Identifiers
- Symbol: miR529
- Rfam: RF00908
- miRBase family: MIPF0000388

Other data
- RNA type: microRNA
- Domain: Viridiplantae
- PDB structures: PDBe

= MiR529 microRNA precursor family =

Name of an RNA molecule

In molecular biology, miR529 is a plant microRNA that regulates gene expression through sequence-directed cleavage or translational repression of target mRNAs. miR529 is evolutionarily related to the conserved plant microRNA miR156, and both families regulate members of the SQUAMOSA promoter-binding protein-like (SPL) gene family.

The miR529 and miR156 families share overlapping target sites in several SPL genes, resulting in combinatorial regulation of plant developmental processes. Phylogenetic analyses indicate that many miR529 targets derive from a subset of SPL genes that are also regulated by miR156, suggesting that the two microRNA families cooperate to control the evolution and functional diversification of SPL transcription factors.

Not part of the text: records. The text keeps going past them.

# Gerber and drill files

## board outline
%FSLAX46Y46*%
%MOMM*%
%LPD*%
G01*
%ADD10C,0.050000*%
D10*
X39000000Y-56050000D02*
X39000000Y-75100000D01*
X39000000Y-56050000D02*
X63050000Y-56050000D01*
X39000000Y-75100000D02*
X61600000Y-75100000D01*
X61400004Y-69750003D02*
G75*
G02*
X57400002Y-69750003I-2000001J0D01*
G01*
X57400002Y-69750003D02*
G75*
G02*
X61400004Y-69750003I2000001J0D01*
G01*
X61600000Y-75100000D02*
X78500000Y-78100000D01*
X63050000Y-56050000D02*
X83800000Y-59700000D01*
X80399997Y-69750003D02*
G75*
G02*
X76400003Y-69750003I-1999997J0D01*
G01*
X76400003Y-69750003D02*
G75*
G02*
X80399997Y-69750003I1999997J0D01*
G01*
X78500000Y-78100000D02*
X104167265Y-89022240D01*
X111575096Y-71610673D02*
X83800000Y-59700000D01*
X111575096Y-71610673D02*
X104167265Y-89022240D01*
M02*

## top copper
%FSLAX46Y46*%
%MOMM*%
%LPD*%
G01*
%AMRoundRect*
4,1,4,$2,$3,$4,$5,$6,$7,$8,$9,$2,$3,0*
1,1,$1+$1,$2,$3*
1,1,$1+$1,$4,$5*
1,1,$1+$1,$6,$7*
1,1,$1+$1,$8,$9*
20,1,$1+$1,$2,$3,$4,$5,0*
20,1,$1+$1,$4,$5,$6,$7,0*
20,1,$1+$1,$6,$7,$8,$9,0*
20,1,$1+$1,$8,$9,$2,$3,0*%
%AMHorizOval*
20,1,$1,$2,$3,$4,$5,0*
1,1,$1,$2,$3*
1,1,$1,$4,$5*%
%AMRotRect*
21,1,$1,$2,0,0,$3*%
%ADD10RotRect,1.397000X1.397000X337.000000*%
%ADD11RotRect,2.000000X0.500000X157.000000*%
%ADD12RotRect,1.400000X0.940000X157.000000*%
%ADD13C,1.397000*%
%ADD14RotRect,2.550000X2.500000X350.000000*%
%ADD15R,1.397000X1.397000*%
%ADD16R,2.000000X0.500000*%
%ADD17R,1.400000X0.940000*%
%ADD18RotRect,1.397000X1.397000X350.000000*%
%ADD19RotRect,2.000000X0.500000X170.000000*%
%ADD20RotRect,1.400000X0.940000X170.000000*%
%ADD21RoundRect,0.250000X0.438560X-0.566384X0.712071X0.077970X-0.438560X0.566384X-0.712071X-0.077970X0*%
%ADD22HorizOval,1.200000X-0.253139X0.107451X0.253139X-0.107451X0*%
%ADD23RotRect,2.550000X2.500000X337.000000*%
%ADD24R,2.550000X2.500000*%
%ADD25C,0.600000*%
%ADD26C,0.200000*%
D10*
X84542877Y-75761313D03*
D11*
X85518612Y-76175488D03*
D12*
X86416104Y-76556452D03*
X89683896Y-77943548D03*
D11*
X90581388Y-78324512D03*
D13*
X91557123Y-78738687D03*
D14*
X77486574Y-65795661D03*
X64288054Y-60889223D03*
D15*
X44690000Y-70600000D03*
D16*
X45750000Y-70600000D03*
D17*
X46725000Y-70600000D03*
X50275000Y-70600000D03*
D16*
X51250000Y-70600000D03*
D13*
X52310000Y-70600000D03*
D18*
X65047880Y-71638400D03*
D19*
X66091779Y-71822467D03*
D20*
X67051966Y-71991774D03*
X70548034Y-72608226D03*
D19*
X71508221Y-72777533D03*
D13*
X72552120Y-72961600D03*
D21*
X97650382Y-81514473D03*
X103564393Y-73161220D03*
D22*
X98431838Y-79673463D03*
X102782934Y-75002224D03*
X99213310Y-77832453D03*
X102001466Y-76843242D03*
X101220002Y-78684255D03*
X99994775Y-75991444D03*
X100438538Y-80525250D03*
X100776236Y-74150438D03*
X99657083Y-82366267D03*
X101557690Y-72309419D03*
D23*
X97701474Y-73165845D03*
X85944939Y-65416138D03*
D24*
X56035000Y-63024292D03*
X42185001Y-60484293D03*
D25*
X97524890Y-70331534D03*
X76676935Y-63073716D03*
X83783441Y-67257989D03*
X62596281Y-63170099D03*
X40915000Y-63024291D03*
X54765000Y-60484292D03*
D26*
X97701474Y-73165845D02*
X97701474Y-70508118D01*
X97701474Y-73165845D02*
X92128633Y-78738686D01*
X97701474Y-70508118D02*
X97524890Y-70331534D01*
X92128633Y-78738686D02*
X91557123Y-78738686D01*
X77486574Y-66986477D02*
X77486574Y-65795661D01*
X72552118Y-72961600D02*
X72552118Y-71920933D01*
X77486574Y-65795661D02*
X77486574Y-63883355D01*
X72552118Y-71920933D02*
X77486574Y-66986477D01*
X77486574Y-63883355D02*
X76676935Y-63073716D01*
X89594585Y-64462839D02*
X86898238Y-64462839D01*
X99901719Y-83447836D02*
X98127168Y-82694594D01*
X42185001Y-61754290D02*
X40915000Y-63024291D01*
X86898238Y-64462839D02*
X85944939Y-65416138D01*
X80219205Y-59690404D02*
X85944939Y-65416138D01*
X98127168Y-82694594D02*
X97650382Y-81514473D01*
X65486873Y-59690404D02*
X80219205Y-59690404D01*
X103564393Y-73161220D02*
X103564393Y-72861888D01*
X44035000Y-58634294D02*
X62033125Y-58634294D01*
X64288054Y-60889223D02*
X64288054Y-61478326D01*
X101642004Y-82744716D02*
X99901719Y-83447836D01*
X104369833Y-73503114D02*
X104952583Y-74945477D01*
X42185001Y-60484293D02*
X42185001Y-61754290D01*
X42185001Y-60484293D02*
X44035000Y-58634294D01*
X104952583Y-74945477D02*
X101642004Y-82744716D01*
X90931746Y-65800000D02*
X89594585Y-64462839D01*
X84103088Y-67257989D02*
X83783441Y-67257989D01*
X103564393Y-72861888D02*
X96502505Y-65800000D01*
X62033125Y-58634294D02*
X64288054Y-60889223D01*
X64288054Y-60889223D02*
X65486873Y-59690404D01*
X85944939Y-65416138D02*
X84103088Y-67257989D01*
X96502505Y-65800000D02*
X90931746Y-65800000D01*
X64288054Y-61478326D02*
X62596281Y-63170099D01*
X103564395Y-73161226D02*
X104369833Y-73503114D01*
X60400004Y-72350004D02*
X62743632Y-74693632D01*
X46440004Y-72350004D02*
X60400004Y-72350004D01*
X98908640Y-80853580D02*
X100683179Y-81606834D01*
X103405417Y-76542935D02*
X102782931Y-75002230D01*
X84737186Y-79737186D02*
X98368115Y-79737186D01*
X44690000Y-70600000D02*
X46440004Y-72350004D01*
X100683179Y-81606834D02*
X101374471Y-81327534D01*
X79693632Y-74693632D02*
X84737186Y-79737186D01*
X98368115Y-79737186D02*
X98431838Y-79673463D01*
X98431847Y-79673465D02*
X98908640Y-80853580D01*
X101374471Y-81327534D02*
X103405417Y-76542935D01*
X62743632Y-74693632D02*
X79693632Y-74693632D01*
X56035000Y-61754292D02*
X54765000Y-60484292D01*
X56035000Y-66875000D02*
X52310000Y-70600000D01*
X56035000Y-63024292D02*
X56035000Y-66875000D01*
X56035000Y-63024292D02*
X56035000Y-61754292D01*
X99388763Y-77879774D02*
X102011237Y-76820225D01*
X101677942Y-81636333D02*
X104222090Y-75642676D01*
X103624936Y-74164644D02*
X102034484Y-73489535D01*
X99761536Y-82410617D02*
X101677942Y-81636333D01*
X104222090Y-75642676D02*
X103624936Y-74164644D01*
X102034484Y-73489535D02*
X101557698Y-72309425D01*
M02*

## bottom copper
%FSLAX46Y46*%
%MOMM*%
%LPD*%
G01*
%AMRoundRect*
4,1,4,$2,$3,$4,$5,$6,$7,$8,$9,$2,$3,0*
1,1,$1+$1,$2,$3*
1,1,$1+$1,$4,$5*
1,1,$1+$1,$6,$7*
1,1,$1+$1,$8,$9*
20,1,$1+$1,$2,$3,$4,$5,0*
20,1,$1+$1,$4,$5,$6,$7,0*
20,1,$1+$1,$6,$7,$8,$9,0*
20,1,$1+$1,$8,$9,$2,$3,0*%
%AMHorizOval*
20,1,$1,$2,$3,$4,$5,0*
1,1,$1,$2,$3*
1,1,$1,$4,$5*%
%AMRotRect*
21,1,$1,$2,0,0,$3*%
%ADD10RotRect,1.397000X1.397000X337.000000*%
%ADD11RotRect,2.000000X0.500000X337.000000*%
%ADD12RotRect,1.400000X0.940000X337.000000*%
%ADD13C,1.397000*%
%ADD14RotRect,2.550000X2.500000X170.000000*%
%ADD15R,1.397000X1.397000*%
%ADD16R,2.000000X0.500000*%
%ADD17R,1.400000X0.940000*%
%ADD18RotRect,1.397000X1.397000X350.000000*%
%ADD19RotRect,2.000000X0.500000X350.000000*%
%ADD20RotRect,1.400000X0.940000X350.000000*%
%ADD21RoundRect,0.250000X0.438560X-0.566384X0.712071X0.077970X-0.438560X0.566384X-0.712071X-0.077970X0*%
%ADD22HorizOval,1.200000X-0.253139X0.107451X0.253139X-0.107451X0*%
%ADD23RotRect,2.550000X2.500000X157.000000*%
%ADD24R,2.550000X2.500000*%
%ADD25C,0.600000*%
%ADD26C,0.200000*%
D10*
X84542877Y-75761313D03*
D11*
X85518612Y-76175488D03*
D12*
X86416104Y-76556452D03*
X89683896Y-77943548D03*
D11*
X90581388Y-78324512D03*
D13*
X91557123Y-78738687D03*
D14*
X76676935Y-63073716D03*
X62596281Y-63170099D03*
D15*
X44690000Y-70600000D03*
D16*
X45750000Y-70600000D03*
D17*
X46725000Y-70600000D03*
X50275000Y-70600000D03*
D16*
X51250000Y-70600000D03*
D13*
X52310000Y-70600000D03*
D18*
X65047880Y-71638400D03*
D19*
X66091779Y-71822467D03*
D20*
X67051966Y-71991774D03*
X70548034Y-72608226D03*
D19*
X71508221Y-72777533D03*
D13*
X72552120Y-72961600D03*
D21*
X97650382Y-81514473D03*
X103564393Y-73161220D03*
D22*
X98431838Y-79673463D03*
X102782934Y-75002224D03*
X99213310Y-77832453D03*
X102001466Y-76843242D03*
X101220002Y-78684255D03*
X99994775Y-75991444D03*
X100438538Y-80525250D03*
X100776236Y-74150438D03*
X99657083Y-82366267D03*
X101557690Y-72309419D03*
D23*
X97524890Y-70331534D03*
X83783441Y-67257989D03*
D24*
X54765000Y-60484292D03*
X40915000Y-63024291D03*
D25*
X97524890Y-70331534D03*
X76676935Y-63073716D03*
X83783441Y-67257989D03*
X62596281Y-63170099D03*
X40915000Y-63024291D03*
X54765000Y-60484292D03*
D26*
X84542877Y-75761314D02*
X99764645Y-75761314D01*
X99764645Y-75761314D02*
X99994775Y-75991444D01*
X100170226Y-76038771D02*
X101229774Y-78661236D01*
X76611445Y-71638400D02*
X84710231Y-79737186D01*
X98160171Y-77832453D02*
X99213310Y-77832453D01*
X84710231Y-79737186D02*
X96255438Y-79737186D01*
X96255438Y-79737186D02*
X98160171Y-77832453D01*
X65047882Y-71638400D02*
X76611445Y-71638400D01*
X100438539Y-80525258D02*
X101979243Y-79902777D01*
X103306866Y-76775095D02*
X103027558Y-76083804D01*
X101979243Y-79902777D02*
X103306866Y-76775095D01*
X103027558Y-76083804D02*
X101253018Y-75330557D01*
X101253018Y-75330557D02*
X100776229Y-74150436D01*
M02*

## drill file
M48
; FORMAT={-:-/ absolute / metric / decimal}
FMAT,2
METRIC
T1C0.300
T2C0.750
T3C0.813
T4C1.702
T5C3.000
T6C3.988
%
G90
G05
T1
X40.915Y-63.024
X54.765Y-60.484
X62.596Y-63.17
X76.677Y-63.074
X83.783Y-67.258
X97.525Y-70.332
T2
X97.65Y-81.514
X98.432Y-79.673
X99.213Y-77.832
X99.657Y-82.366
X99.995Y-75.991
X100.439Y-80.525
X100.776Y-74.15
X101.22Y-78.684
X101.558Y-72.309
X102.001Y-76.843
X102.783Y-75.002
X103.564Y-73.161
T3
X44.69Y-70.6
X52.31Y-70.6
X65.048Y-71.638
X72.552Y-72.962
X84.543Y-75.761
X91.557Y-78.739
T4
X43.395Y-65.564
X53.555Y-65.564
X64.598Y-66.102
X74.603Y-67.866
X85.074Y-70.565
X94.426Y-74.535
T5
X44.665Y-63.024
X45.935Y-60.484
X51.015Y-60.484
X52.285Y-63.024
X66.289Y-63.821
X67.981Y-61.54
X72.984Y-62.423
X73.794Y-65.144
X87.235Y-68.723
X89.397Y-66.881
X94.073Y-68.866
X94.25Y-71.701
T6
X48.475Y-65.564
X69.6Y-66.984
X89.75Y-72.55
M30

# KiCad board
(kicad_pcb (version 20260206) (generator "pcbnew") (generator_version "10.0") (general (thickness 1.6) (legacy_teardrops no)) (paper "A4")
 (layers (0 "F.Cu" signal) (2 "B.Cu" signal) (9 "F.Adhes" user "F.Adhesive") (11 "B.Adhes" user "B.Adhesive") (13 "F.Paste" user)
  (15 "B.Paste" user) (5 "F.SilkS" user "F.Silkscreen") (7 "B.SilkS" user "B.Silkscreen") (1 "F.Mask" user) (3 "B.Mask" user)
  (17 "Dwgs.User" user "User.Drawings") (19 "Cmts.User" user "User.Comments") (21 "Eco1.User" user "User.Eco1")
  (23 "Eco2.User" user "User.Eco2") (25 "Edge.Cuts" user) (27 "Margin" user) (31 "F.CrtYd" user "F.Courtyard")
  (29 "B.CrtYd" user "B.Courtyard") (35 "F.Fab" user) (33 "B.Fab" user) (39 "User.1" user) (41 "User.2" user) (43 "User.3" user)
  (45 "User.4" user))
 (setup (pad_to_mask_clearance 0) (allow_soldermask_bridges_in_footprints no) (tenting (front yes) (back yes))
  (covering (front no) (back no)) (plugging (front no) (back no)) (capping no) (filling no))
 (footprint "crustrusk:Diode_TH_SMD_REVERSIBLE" (layer "F.Cu") (at 88.05 77.25 -23)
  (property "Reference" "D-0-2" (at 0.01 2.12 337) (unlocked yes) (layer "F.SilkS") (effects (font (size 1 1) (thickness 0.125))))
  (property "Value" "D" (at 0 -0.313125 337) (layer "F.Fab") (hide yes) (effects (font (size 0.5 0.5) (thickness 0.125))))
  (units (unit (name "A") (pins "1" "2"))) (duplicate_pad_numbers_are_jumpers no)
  (pad "1" thru_hole rect (at -3.81 -0.000001 337) (size 1.397 1.397) (drill 0.8128) (layers "*.Cu" "*.Mask") (remove_unused_layers no)
   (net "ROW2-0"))
  (pad "1" smd rect (at -2.75 -0.000001 157) (size 2 0.5) (layers "F.Cu") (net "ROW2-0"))
  (pad "1" smd rect (at -2.75 -0.000001 337) (size 2 0.5) (layers "B.Cu") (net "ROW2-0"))
  (pad "1" smd rect (at -1.775 0 157) (size 1.4 0.94) (layers "F.Cu" "F.Mask" "F.Paste") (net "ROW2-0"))
  (pad "1" smd rect (at -1.775 0 337) (size 1.4 0.94) (layers "B.Cu" "B.Mask" "B.Paste") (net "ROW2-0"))
  (pad "2" smd rect (at 1.775 0 157) (size 1.4 0.94) (layers "F.Cu" "F.Mask" "F.Paste") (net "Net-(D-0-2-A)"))
  (pad "2" smd rect (at 1.775 0 337) (size 1.4 0.94) (layers "B.Cu" "B.Mask" "B.Paste") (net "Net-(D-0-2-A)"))
  (pad "2" smd rect (at 2.75 0.000001 157) (size 2 0.5) (layers "F.Cu") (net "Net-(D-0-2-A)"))
  (pad "2" smd rect (at 2.75 0.000001 337) (size 2 0.5) (layers "B.Cu") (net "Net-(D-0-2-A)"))
  (pad "2" thru_hole circle (at 3.81 0.000001 337) (size 1.397 1.397) (drill 0.8128) (layers "*.Cu" "*.Mask") (remove_unused_layers no)
   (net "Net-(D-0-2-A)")))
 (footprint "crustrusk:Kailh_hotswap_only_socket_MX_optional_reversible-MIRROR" (layer "F.Cu") (at 69.600361 66.984292 -10)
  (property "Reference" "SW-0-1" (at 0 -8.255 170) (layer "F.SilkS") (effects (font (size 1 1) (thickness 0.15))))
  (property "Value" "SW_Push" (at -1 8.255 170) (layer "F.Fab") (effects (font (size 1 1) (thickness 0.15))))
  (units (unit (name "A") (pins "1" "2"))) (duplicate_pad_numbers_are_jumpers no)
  (pad "" np_thru_hole circle (at -5.08 0 350) (size 1.7018 1.7018) (drill 1.7018) (layers "*.Cu" "*.Mask"))
  (pad "" np_thru_hole circle (at -3.81 -2.54 170) (size 3 3) (drill 3) (layers "*.Cu" "*.Mask"))
  (pad "" np_thru_hole circle (at -2.54 -5.079998 350) (size 3 3) (drill 3) (layers "*.Cu" "*.Mask"))
  (pad "" np_thru_hole circle (at 0 0 350) (size 3.9878 3.9878) (drill 3.9878) (layers "*.Cu" "*.Mask"))
  (pad "" np_thru_hole circle (at 2.540002 -5.080001 170) (size 3 3) (drill 3) (layers "*.Cu" "*.Mask"))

Evolutionary analyses suggest that miR529 arose early in land plant evolution but has been lost in several plant lineages, including many core eudicots such as Arabidopsis thaliana. In species lacking miR529, regulatory functions associated with this microRNA may be partially compensated by members of the miR156 family.

Functional studies in crops such as rice have shown that miR156 and miR529 regulate plant architecture and reproductive development by controlling SPL gene expression. In rice, the two microRNAs exhibit distinct expression patterns, with miR156 acting mainly during vegetative development and miR529 functioning more prominently in reproductive tissues such as the panicle.